Food and Faith is a blog of the Presbyterian Hunger Program.
Friday was International Women’s Day, a global celebration of women past, present, and future. I’d like to extend the holiday and reflect on the ways in which women affect and are impacted by our food system. Like many of you who are reading this, I am a woman and I eat. Sometimes I eat well, sometimes I don’t. Sometimes I prepare my own food, sometimes I eat what others have prepared. Sometimes I know exactly where my food comes from, but much of the time I do not. I have a long way to go in understanding the complexities of who grew the wheat that was in the bagel I ate this morning and where it was grown, using what pesticides and with the help of what government subsidies, transported how many miles and using what equipment and labor for processing before it was handed to me wrapped neatly in wax paper. It’s a lot to think about over breakfast! Recently, I’ve been trying to digest the many aspects of our food system in terms of simply how we treat each other and the Earth.

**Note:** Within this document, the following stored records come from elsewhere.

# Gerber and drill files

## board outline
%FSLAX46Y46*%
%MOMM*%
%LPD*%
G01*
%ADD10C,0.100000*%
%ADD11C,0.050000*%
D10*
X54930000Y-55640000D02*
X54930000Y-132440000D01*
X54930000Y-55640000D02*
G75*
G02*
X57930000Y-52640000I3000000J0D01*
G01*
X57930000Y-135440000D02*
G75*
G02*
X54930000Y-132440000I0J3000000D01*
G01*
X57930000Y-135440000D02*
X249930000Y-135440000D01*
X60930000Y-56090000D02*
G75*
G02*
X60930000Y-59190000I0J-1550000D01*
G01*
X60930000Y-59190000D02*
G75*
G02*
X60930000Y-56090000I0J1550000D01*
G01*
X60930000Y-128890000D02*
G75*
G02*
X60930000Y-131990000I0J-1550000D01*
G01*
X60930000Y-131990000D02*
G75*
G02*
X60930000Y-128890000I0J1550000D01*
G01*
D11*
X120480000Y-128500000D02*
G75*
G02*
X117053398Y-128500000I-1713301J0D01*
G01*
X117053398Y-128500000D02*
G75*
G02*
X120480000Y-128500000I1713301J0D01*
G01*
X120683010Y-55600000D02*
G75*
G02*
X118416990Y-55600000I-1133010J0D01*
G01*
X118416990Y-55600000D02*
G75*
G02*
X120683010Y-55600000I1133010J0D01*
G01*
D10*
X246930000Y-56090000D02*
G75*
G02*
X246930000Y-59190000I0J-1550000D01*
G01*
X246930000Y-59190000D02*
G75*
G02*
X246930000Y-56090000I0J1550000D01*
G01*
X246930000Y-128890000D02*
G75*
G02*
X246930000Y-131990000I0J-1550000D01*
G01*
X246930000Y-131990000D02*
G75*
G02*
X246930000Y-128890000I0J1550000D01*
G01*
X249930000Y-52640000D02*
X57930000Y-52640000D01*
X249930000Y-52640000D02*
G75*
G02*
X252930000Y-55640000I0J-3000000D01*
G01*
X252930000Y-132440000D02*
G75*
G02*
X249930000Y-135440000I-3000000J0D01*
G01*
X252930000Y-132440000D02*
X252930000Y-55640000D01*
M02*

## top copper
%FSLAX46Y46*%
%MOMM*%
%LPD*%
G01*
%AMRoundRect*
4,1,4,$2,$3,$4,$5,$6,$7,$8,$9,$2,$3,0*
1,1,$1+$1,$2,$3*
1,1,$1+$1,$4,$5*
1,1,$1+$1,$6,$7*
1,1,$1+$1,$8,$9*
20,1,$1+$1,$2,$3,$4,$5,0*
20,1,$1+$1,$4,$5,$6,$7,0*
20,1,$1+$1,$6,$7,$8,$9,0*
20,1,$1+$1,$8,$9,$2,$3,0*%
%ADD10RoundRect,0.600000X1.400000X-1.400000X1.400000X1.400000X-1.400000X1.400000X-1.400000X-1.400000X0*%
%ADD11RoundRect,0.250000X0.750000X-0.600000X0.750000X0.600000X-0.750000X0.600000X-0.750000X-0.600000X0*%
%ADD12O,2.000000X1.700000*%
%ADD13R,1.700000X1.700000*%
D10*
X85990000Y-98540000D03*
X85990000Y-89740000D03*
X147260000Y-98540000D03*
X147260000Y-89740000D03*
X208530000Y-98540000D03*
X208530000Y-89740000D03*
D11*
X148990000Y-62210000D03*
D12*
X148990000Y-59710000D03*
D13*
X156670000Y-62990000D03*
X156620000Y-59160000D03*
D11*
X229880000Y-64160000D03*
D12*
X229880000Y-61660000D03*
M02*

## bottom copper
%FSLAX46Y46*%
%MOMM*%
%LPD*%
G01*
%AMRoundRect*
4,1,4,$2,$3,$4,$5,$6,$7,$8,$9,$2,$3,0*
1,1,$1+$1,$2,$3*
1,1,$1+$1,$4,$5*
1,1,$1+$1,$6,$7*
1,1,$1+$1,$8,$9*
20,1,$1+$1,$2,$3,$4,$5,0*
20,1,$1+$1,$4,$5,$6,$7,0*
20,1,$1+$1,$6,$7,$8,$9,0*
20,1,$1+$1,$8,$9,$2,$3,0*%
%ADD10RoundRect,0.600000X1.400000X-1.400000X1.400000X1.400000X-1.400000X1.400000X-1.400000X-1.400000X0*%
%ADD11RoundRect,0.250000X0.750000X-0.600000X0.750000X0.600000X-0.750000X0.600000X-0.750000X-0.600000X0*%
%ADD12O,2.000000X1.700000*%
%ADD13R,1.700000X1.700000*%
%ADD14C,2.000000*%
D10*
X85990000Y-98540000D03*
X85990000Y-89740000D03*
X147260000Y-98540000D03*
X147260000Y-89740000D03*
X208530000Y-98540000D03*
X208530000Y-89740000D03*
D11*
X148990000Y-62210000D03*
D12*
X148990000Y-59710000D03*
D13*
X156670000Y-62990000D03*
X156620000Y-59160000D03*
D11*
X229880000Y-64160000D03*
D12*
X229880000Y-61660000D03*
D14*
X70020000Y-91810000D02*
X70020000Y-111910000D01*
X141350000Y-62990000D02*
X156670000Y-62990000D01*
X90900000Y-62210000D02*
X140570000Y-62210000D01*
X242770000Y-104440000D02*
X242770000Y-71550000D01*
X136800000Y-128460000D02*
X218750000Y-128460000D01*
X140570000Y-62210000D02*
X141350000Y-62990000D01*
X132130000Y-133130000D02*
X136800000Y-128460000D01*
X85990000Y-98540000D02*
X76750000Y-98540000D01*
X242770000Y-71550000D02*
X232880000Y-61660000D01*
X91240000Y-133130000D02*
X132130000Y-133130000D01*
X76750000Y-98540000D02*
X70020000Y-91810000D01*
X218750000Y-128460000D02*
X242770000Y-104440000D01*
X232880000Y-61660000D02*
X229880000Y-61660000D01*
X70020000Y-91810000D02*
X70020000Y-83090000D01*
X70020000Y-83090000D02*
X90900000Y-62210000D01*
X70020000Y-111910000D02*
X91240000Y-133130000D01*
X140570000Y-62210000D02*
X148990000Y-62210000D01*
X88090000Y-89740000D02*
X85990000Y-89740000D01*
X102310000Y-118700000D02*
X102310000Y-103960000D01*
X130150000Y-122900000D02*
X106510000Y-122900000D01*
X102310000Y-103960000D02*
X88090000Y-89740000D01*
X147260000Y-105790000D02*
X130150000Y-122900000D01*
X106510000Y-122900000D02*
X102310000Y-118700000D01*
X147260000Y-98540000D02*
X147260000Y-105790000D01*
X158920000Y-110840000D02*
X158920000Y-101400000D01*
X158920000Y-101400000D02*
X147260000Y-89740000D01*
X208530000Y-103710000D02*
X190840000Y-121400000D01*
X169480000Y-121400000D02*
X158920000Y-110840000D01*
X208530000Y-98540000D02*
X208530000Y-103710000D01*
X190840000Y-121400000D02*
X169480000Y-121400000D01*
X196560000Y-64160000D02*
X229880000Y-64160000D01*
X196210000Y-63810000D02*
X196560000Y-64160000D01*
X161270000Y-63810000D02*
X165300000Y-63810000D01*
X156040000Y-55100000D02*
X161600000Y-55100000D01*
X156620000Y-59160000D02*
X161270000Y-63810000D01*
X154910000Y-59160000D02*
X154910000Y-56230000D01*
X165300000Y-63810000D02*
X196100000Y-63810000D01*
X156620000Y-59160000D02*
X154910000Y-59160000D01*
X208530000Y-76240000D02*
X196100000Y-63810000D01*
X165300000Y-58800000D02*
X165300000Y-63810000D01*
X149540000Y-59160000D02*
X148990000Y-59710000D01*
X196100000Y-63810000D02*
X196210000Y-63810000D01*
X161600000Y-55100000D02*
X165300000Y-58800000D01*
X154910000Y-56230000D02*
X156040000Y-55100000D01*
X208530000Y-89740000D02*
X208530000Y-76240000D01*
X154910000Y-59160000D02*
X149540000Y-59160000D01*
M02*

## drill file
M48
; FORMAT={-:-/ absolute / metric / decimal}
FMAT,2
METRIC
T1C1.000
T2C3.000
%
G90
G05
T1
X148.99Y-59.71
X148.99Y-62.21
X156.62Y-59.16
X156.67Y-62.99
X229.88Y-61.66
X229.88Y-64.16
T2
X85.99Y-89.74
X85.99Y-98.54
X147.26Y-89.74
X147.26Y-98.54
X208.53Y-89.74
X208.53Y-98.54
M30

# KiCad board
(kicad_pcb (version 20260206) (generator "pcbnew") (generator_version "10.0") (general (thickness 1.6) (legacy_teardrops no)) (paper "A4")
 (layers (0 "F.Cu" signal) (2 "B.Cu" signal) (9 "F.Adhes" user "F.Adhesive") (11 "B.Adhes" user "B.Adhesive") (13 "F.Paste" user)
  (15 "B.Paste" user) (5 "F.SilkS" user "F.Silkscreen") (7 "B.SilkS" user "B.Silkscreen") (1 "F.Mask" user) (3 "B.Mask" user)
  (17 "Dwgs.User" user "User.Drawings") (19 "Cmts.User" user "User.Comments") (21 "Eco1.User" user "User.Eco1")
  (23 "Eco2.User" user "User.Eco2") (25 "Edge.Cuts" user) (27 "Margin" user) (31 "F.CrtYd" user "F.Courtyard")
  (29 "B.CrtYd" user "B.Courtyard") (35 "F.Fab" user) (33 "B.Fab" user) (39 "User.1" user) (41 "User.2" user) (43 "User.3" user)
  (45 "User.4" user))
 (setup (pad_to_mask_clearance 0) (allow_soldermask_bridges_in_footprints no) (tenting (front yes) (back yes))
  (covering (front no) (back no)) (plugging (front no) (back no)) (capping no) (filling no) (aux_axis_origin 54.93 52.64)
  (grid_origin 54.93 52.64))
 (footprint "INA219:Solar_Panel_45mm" (layer "F.Cu") (at 85.99 94.14 90)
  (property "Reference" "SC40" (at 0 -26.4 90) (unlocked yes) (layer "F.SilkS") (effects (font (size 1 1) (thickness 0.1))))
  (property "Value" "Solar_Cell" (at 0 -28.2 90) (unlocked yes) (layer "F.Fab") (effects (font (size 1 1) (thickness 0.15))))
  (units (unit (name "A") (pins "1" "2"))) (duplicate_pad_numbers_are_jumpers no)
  (pad "1" thru_hole roundrect (at -4.4 0 90) (size 4 4) (drill 3) (layers "*.Cu" "*.Mask") (remove_unused_layers no)
   (roundrect_rratio 0.15) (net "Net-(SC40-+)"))
  (pad "2" thru_hole roundrect (at 4.4 0 90) (size 4 4) (drill 3) (layers "*.Cu" "*.Mask") (remove_unused_layers no) (roundrect_rratio 0.15)
   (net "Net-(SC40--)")))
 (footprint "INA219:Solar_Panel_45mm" (layer "F.Cu") (at 147.26 94.14 90)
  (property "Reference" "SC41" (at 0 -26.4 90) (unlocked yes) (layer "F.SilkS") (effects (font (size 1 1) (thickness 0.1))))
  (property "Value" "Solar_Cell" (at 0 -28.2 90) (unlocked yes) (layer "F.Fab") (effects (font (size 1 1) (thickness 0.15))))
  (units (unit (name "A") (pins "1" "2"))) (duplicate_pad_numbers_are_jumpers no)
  (pad "1" thru_hole roundrect (at -4.4 0 90) (size 4 4) (drill 3) (layers "*.Cu" "*.Mask") (remove_unused_layers no)
   (roundrect_rratio 0.15) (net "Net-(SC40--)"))
  (pad "2" thru_hole roundrect (at 4.4 0 90) (size 4 4) (drill 3) (layers "*.Cu" "*.Mask") (remove_unused_layers no) (roundrect_rratio 0.15)
   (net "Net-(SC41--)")))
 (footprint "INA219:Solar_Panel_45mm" (layer "F.Cu") (at 208.53 94.14 90)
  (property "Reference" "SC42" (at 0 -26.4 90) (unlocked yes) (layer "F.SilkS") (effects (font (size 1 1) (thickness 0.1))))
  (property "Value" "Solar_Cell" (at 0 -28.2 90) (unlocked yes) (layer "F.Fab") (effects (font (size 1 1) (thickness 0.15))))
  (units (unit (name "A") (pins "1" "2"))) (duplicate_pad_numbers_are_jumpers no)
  (pad "1" thru_hole roundrect (at -4.4 0 90) (size 4 4) (drill 3) (layers "*.Cu" "*.Mask") (remove_unused_layers no)
   (roundrect_rratio 0.15) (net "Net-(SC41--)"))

Last week I went to hear Vandana Shiva, an ecofeminist and leader in the environmental justice and human rights movements. Part of her talk addressed what she calls the “care economy” or the “sustenance economy.” The care economy is that in which two-thirds of the world’s population, a large part of that being women, engage in craft production, peasant agriculture, artisanal fishing, and indigenous forest economies. It includes all spheres in which humans produce and trade in balance with nature through partnerships, mutuality and reciprocity (“Living Economies”, Earth Democracy). She discussed the work that is performed by women every day in communities and homes across the world, childcare, for example; work that is of utmost importance but that is not formally recognized because it is not based on monetary transactions. Seed collecting, farming and food preparation have been carried out by women as well as men for 12,000 years, but the patenting of seeds by multinational corporations has made it increasingly difficult—impossible, in many cases—for small farmers to survive. Vandana explained how the care economy suffers terribly under the patriarchal model that dominates economics today. As an ecofeminist, she endorses a way of understanding the world that could steer us away from the exploitation and abuse that the dominant, patriarchal economic system relies on. Ecofeminism strives for “a democracy of all life.” I think the tenants she lays out in Earth Democracy are a great guide for eating and living in general:
To be honest, I didn’t take to ecofeminism right away. When the theory was first presented to me in an anthropology class, it didn’t make sense to me why we would counteract patriarchy with the equivalent system, favoring women? Shouldn’t we all just see each other as equals? I came to see ecofeminist action as more of a means to achieving the balance and harmony between men and women, between humans and nature. Vandana described the tragic suicides committed by Indian farmers who were forced to grow genetically-modified seeds designed for one-time usage. Deeply and inescapably indebted to companies like Monsanto, 217,000 Indian farmers found themselves with nowhere to turn. Their wives, having been deprived of their husbands and their seed knowledge, are seen as having no worth. Vandana has written extensively disproving the theory of a need for industrial agriculture and monocultures, particularly in her article “Health Per Acre.”
Women comprise 43% of agricultural labor forces on average in the developing world, and account for about two-thirds of the world’s 600 million poor livestock keepers (source: Food and Agricultural Organization of the United Nations). In many countries women are still not allowed to own land, and have more limited access to inputs and technologies, education, and credit (source: FAO, http://www.farmingfirst.org/women/). Although I may be pretty removed from the women farming in India and their husbands, and from the Burundi woman who has been denied equality her whole life, I can’t help but see their problems as my own. Vandana Shiva poetically said that we must “cultivate the quality of ‘enoughness’—a perfect mantra for myself and anyone who generally has more than they need.
The problems seem endless and insurmountable, but I think the more we become aware of the women and men trapped in unjust food systems and the angrier that injustice makes us feel, the faster we will begin to change our own habits. Last week I attended a workshop on community organizing led by Reverend Trey Hammond. He articulated the power of harnessing anger in a positive, productive way. I think he’s onto something. Here in the US we are seeing a tremendous increase in the number of women operating farms with small acreage. Farmers markets are gaining in popularity and first-time farmer training programs are cropping up across the nation. Let’s make it our priority that the care economies, as well as local food economies in the US and abroad, are embraced—for the sake of women and every other living thing. Happy belated International Women’s Day!